> _Data_
---*---

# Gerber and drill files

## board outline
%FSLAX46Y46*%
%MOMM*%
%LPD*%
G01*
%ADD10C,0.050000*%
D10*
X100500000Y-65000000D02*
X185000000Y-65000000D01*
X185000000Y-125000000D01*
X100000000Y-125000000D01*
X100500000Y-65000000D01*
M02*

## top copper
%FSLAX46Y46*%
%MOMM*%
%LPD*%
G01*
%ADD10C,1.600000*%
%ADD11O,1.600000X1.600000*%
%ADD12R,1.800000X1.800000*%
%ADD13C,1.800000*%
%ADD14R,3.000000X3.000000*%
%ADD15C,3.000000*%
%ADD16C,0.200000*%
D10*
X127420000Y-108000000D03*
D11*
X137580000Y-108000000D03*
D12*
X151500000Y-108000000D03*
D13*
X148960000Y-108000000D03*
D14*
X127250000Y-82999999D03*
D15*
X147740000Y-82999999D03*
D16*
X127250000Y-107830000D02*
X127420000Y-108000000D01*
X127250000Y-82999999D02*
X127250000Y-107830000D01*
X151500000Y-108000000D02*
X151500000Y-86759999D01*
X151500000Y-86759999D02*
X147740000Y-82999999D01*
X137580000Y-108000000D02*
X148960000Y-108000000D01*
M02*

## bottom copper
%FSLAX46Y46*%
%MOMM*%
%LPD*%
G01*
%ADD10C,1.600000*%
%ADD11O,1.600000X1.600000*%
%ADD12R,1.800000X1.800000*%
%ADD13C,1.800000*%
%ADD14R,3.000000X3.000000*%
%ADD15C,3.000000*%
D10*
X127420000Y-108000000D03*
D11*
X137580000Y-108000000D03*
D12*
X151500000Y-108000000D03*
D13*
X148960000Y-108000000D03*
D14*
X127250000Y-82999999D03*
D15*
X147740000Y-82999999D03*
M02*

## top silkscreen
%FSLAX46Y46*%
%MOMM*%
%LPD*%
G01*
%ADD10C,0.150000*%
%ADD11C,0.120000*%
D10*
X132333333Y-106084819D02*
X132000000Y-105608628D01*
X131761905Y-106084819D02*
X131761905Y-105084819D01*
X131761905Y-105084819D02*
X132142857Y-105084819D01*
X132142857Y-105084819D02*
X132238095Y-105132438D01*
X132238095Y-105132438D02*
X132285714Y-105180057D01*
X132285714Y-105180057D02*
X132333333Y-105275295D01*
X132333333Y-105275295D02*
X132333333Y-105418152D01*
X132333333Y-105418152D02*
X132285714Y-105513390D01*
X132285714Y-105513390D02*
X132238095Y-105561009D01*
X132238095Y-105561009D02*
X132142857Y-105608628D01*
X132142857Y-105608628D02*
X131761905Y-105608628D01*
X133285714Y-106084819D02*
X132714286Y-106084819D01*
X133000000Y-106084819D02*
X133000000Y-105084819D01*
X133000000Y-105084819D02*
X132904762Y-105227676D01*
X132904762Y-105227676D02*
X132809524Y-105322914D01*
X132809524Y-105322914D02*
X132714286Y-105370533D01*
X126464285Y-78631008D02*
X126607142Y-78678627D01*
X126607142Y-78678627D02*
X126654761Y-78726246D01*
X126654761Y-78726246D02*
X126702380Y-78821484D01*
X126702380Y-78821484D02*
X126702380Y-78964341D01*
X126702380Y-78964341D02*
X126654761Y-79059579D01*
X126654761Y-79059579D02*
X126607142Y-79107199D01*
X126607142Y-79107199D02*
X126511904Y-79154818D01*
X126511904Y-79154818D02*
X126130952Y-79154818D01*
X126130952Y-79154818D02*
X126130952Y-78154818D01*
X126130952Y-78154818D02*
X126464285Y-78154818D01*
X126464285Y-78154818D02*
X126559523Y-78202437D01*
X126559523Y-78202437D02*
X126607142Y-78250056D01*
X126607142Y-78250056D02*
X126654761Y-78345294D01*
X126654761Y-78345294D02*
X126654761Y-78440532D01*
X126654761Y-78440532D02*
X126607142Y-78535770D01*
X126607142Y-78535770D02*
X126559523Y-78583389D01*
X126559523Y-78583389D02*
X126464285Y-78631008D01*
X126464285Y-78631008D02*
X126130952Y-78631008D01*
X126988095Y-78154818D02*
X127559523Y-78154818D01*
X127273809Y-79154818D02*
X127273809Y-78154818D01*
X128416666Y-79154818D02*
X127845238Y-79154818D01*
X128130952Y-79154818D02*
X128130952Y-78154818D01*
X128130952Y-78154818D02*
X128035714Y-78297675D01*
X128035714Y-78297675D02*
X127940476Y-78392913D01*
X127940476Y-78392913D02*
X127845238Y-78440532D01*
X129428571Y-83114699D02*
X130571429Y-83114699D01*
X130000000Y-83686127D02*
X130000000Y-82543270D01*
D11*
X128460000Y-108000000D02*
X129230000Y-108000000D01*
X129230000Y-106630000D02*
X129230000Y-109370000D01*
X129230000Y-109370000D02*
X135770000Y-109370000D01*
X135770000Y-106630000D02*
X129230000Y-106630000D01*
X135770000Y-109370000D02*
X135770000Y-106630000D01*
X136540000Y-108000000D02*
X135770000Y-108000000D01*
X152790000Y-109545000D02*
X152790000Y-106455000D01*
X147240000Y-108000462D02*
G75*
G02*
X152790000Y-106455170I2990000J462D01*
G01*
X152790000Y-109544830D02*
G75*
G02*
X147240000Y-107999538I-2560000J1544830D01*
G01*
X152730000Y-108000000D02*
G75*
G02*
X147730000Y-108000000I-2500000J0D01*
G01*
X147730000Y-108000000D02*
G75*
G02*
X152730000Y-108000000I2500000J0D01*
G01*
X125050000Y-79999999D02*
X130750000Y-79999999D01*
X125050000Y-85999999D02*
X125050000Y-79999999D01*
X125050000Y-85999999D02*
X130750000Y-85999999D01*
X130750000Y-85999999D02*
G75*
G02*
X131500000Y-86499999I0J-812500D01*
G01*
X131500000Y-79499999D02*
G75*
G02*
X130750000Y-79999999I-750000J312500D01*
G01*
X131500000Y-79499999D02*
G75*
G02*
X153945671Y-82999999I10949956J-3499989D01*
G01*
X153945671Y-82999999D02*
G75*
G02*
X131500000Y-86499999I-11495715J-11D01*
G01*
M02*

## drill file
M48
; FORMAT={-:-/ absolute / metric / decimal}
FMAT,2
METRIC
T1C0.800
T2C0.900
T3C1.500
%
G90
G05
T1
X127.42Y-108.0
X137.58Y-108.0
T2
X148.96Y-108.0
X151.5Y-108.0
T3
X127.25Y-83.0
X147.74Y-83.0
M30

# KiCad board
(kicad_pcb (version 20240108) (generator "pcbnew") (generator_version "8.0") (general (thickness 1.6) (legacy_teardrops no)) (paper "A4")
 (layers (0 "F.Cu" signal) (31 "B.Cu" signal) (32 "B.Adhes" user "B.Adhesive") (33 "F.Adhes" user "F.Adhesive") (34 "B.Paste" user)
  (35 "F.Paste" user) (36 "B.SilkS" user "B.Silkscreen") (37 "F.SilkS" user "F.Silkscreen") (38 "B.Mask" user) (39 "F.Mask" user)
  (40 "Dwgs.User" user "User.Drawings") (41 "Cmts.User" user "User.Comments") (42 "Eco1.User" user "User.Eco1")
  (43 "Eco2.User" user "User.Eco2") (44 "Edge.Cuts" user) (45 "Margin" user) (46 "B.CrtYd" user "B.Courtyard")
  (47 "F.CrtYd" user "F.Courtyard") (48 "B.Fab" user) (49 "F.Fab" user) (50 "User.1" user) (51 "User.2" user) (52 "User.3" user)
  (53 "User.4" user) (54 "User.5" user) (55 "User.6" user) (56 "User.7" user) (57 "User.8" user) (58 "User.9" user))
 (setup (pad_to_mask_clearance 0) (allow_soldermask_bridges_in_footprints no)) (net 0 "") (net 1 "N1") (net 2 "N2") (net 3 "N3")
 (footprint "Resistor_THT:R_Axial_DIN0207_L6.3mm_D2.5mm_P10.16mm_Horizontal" (layer "F.Cu") (at 127.42 108)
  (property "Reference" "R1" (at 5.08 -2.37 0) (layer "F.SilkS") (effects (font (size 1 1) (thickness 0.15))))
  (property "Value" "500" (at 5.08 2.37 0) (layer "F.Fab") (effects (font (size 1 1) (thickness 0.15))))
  (fp_line (start 1.04 0) (end 1.81 0) (stroke (width 0.12) (type solid)) (layer "F.SilkS"))
  (fp_line (start 1.81 -1.37) (end 1.81 1.37) (stroke (width 0.12) (type solid)) (layer "F.SilkS"))
  (fp_line (start 1.81 1.37) (end 8.35 1.37) (stroke (width 0.12) (type solid)) (layer "F.SilkS"))
  (fp_line (start 8.35 -1.37) (end 1.81 -1.37) (stroke (width 0.12) (type solid)) (layer "F.SilkS"))
  (fp_line (start 8.35 1.37) (end 8.35 -1.37) (stroke (width 0.12) (type solid)) (layer "F.SilkS"))
  (fp_line (start 9.12 0) (end 8.35 0) (stroke (width 0.12) (type solid)) (layer "F.SilkS"))
  (pad "1" thru_hole circle (at 0 0) (size 1.6 1.6) (drill 0.8) (layers "*.Cu" "*.Mask") (remove_unused_layers no) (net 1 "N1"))
  (pad "2" thru_hole oval (at 10.16 0) (size 1.6 1.6) (drill 0.8) (layers "*.Cu" "*.Mask") (remove_unused_layers no) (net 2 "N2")))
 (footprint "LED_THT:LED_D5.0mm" (layer "F.Cu") (at 151.5 108 180)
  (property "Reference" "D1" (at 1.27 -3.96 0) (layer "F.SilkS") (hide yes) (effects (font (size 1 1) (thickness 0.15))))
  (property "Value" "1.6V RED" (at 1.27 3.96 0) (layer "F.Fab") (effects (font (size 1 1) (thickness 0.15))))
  (fp_line (start -1.29 -1.545) (end -1.29 1.545) (stroke (width 0.12) (type solid)) (layer "F.SilkS"))
  (fp_arc (start 4.26 -0.000462) (mid 2.072002 2.880433) (end -1.29 1.54483) (stroke (width 0.12) (type solid)) (layer "F.SilkS"))
  (fp_arc (start -1.29 -1.54483) (mid 2.072002 -2.880433) (end 4.26 0.000462) (stroke (width 0.12) (type solid)) (layer "F.SilkS"))
  (fp_circle (center 1.27 0) (end 3.77 0) (stroke (width 0.12) (type solid)) (fill none) (layer "F.SilkS"))
  (pad "1" thru_hole rect (at 0 0 180) (size 1.8 1.8) (drill 0.9) (layers "*.Cu" "*.Mask") (remove_unused_layers no) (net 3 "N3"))
  (pad "2" thru_hole circle (at 2.54 0 180) (size 1.8 1.8) (drill 0.9) (layers "*.Cu" "*.Mask") (remove_unused_layers no) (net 2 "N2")))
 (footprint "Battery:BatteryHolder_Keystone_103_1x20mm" (layer "F.Cu") (at 127.25 82.999999)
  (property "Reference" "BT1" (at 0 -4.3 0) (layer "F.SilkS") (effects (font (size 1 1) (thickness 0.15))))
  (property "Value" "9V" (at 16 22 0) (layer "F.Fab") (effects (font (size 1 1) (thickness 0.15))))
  (fp_line (start -2.2 -3) (end 3.5 -3) (stroke (width 0.12) (type solid)) (layer "F.SilkS"))
  (fp_line (start -2.2 3) (end -2.2 -3) (stroke (width 0.12) (type solid)) (layer "F.SilkS"))
  (fp_line (start -2.2 3) (end 3.5 3) (stroke (width 0.12) (type solid)) (layer "F.SilkS"))
  (fp_arc (start 3.5 3) (mid 3.950694 3.136459) (end 4.25 3.5) (stroke (width 0.12) (type solid)) (layer "F.SilkS"))
  (fp_arc (start 4.25 -3.5) (mid 3.950694 -3.136459) (end 3.5 -3) (stroke (width 0.12) (type solid)) (layer "F.SilkS"))
  (fp_arc (start 4.25 -3.5) (mid 16.971103 -11.358466) (end 26.695671 0) (stroke (width 0.12) (type solid)) (layer "F.SilkS"))
  (fp_arc (start 26.695671 0) (mid 16.971103 11.358466) (end 4.25 3.5) (stroke (width 0.12) (type solid)) (layer "F.SilkS"))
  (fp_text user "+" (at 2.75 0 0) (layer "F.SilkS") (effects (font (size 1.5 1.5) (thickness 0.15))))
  (pad "1" thru_hole rect (at 0 0) (size 3 3) (drill 1.5) (layers "*.Cu" "*.Mask") (remove_unused_layers no) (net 1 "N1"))
  (pad "2" thru_hole circle (at 20.49 0) (size 3 3) (drill 1.5) (layers "*.Cu" "*.Mask") (remove_unused_layers no) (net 3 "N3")))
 (gr_poly (pts (xy 100.5 65) (xy 185 65) (xy 185 125) (xy 100 125)) (stroke (width 0.05) (type solid)) (fill none) (layer "Edge.Cuts"))
 (segment (start 127.25 107.83) (end 127.42 108) (width 0.2) (layer "F.Cu") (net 1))
 (segment (start 127.25 82.999999) (end 127.25 107.83) (width 0.2) (layer "F.Cu") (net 1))
 (segment (start 151.5 108) (end 151.5 86.759999) (width 0.2) (layer "F.Cu") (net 3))
 (segment (start 151.5 86.759999) (end 147.74 82.999999) (width 0.2) (layer "F.Cu") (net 3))
 (segment (start 137.58 108) (end 148.96 108) (width 0.2) (layer "F.Cu") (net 2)))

---*---

> _Required action_
Work through the entries above and report the number of lines that include "Reference", with nothing else.

> _Your solution_
3